[TASK INPUT]

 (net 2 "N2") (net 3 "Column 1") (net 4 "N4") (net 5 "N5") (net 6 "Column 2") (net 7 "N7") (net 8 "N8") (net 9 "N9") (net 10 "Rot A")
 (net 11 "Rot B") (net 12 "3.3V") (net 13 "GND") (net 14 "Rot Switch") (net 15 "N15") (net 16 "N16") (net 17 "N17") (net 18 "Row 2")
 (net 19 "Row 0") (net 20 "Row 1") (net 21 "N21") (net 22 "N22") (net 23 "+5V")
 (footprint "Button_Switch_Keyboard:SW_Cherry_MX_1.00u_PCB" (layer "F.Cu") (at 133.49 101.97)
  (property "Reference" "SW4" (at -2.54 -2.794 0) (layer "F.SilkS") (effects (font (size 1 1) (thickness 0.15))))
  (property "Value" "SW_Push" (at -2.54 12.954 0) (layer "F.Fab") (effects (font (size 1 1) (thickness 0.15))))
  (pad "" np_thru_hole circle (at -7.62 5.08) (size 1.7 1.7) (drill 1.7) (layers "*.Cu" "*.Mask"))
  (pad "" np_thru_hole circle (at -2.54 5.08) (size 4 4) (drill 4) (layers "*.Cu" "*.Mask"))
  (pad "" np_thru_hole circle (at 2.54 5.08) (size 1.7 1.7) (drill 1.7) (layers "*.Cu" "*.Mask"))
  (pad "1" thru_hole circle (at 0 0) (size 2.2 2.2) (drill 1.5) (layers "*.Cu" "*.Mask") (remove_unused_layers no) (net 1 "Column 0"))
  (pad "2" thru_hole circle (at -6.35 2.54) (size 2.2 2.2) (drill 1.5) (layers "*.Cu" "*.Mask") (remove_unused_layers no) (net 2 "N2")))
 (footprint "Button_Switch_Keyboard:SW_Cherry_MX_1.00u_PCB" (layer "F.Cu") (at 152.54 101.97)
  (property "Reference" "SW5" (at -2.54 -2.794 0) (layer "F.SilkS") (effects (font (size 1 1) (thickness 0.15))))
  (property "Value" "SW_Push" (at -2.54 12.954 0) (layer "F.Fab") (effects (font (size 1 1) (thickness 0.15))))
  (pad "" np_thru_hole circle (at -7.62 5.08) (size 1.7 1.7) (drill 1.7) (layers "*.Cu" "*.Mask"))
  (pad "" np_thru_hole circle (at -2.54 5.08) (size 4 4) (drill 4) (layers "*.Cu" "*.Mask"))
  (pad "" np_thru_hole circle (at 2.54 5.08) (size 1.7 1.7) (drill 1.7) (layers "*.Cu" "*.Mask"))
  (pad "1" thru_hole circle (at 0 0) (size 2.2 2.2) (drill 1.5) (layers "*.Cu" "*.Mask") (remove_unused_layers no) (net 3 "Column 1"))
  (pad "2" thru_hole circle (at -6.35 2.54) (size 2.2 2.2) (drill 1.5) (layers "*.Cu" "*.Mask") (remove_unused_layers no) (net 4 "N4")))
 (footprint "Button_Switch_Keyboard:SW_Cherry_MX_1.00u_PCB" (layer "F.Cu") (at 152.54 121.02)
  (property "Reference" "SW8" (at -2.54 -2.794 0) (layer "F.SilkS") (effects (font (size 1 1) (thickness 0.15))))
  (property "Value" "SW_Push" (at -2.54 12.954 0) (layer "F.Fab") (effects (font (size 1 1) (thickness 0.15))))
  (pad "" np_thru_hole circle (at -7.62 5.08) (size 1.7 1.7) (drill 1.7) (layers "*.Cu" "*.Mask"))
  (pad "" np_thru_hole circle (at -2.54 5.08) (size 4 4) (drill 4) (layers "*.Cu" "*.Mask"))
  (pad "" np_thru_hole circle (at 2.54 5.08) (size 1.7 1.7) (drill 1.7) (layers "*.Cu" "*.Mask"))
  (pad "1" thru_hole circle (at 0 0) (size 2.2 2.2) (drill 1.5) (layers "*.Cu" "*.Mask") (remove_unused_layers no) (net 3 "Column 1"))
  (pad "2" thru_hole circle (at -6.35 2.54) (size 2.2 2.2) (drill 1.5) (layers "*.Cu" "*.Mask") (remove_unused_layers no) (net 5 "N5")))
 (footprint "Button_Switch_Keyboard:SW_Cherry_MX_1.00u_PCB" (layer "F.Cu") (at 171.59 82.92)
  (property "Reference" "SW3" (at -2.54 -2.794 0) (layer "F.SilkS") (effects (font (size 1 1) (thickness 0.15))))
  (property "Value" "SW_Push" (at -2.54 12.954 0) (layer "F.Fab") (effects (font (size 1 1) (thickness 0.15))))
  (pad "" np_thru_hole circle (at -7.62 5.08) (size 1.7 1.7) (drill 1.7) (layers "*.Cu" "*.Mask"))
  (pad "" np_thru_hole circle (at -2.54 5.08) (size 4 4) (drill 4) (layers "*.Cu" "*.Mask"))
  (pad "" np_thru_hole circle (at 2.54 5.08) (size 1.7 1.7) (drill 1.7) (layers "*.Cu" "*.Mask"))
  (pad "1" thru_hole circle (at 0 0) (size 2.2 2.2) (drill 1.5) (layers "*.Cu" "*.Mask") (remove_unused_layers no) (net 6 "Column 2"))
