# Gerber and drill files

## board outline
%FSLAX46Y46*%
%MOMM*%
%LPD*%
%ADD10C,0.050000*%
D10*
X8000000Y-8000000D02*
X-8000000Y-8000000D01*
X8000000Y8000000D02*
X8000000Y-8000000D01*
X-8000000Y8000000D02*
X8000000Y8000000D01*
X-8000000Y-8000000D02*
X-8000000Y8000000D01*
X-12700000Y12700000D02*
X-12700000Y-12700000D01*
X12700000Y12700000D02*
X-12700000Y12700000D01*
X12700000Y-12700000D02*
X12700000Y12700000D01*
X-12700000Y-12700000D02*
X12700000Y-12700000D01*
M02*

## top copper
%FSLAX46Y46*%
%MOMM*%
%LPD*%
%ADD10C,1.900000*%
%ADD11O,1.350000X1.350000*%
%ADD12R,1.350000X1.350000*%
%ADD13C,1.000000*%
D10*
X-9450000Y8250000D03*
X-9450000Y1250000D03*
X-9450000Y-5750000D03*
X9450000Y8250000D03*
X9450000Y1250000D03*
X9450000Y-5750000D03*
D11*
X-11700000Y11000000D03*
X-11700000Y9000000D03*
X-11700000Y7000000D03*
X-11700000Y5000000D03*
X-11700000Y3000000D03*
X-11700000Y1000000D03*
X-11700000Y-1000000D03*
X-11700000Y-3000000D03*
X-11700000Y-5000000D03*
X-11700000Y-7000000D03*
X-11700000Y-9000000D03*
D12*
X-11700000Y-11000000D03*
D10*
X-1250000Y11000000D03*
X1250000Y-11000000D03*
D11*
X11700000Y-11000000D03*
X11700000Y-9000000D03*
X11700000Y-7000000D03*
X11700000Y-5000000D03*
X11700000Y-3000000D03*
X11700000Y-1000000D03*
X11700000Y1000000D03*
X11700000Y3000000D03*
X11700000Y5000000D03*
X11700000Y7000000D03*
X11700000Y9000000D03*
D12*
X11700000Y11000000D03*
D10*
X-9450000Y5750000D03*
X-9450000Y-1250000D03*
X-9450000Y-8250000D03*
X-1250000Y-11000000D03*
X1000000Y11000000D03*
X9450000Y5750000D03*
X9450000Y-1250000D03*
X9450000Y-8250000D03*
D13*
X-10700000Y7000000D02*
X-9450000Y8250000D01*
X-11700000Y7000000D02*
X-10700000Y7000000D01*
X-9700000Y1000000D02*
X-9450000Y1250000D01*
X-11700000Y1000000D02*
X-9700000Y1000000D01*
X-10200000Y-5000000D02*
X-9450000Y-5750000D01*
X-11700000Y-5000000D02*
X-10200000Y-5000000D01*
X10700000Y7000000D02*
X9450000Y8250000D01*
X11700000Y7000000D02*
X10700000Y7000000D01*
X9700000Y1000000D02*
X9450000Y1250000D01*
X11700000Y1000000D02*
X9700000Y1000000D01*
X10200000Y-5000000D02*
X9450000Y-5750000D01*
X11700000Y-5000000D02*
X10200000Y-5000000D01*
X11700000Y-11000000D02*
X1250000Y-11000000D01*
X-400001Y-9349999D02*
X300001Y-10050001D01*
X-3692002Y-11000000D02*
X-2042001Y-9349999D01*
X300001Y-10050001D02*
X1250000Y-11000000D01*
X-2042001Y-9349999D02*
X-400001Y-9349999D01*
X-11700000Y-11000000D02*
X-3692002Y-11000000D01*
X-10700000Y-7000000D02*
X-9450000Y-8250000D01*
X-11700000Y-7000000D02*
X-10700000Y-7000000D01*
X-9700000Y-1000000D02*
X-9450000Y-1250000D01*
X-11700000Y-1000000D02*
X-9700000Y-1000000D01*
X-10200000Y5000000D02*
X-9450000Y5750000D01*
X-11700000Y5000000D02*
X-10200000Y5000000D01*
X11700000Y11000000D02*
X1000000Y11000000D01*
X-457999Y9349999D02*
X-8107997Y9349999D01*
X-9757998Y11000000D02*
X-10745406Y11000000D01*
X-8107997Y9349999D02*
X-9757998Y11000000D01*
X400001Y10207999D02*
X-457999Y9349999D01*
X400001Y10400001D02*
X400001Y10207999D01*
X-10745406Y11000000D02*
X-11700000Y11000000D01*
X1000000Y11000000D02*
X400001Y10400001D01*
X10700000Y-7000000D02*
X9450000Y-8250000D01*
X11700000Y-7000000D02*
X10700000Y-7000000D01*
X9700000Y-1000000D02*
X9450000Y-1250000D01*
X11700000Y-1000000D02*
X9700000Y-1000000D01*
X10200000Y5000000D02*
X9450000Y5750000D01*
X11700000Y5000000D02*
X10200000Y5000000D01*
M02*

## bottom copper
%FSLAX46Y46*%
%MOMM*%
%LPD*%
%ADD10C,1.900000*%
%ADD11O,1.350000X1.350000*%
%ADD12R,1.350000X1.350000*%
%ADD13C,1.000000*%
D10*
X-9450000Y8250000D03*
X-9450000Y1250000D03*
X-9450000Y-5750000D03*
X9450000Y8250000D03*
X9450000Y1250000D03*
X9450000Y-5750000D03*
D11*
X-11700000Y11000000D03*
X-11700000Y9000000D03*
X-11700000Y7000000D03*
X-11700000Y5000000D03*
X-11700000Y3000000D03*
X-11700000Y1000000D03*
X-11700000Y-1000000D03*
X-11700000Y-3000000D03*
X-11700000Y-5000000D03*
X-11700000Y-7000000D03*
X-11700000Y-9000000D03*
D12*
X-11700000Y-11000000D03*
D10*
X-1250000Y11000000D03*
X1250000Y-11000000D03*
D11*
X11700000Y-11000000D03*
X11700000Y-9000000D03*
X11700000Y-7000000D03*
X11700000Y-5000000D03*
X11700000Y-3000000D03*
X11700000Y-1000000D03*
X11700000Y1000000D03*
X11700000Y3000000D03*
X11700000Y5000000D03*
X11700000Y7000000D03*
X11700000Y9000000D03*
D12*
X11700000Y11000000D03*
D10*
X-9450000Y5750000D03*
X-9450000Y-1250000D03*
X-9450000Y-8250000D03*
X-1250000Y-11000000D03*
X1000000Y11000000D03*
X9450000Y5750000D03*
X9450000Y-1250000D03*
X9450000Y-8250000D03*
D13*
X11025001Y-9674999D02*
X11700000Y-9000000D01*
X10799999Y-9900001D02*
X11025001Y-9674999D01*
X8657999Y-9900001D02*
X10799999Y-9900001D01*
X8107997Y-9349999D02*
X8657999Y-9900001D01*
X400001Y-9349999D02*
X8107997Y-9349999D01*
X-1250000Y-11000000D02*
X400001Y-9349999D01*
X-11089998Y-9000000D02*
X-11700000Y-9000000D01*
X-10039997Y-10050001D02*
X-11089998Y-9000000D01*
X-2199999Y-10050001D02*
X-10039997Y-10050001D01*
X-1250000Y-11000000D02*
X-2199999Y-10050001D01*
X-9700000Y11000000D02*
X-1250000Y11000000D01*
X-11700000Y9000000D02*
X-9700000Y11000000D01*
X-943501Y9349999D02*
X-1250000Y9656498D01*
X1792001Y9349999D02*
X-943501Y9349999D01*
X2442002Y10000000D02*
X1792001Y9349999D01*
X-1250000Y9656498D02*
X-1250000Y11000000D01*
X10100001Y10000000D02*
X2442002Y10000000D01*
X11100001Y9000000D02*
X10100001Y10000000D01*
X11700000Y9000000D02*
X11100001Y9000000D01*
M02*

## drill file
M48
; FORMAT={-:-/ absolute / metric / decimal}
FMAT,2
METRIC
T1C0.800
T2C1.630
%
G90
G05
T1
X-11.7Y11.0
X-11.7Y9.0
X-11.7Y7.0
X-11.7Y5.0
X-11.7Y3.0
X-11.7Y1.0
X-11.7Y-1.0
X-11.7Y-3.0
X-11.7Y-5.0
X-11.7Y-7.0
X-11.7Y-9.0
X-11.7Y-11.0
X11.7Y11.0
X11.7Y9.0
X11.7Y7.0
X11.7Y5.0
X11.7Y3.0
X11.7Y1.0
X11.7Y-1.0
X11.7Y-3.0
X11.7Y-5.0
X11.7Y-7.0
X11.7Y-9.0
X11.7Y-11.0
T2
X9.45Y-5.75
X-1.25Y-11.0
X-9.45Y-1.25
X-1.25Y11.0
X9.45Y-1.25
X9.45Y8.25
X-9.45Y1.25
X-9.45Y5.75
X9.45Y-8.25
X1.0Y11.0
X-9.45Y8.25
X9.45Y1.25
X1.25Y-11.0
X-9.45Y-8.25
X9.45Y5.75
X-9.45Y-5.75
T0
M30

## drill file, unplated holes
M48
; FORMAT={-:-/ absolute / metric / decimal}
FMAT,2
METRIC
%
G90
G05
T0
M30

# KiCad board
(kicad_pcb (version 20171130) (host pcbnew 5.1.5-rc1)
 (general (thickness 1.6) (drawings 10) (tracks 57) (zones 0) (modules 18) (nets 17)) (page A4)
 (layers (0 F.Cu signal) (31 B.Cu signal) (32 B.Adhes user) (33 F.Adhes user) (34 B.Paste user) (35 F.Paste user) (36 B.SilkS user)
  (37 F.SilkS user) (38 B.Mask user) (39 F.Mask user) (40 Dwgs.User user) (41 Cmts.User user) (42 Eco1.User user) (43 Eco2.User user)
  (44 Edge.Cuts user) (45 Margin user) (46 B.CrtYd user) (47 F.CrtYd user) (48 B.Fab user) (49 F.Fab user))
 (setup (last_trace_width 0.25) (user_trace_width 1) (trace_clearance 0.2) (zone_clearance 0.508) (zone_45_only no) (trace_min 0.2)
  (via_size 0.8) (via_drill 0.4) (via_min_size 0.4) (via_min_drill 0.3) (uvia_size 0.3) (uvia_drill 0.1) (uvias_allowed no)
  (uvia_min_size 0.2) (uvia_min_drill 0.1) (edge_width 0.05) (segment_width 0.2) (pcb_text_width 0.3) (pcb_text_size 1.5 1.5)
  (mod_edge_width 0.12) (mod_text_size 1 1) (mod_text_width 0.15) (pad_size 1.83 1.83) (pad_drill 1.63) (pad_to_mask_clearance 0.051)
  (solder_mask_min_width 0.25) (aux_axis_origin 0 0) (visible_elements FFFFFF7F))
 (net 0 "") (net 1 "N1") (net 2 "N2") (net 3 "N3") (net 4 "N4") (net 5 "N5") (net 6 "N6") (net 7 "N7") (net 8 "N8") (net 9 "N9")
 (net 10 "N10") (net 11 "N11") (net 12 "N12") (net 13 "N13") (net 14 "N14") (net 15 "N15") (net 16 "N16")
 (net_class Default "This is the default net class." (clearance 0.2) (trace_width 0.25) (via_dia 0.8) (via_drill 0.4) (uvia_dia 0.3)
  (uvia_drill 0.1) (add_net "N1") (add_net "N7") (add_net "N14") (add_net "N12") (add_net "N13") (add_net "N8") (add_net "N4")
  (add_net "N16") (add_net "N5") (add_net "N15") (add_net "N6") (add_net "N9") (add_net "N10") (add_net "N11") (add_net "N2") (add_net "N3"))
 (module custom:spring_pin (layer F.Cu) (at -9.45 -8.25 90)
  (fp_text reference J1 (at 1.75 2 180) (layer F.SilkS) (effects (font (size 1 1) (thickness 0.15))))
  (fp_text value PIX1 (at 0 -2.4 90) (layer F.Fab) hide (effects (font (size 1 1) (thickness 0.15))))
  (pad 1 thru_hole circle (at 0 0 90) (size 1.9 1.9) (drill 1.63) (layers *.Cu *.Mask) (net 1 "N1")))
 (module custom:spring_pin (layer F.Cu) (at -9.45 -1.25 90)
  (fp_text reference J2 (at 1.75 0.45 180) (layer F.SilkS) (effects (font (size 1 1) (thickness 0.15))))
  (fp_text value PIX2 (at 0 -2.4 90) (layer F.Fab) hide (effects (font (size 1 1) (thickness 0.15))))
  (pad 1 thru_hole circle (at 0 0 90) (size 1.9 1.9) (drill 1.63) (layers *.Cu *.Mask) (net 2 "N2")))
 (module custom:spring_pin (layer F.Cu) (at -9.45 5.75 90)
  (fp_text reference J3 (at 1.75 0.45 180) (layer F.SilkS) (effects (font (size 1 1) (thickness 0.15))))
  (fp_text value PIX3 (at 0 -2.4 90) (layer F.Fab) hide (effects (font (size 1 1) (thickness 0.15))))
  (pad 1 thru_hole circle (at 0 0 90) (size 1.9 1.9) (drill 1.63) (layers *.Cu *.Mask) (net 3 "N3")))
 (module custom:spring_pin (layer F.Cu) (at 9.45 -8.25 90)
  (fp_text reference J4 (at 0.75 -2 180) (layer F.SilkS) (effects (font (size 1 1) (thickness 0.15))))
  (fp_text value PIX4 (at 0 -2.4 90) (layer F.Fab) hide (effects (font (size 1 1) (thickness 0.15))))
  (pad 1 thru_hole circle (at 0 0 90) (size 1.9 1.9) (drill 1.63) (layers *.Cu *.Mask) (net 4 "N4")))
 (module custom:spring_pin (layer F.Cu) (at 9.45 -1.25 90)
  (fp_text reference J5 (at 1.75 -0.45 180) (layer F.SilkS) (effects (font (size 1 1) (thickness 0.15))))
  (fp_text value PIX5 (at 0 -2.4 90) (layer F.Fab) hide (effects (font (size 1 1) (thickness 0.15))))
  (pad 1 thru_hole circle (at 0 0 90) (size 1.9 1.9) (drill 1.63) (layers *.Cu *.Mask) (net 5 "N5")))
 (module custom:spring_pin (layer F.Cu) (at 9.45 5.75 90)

[/TASK INPUT]

■ WHAT YOU NEED TO DO: From the records above, extract exactly and only the lines that begin at the line with "(fp_text value PIX2" and stop after the line with "(fp_text reference J4".

■ SOLUTION:
  (fp_text value PIX2 (at 0 -2.4 90) (layer F.Fab) hide (effects (font (size 1 1) (thickness 0.15))))
  (pad 1 thru_hole circle (at 0 0 90) (size 1.9 1.9) (drill 1.63) (layers *.Cu *.Mask) (net 2 "N2")))
 (module custom:spring_pin (layer F.Cu) (at -9.45 5.75 90)
  (fp_text reference J3 (at 1.75 0.45 180) (layer F.SilkS) (effects (font (size 1 1) (thickness 0.15))))
  (fp_text value PIX3 (at 0 -2.4 90) (layer F.Fab) hide (effects (font (size 1 1) (thickness 0.15))))
  (pad 1 thru_hole circle (at 0 0 90) (size 1.9 1.9) (drill 1.63) (layers *.Cu *.Mask) (net 3 "N3")))
 (module custom:spring_pin (layer F.Cu) (at 9.45 -8.25 90)
  (fp_text reference J4 (at 0.75 -2 180) (layer F.SilkS) (effects (font (size 1 1) (thickness 0.15))))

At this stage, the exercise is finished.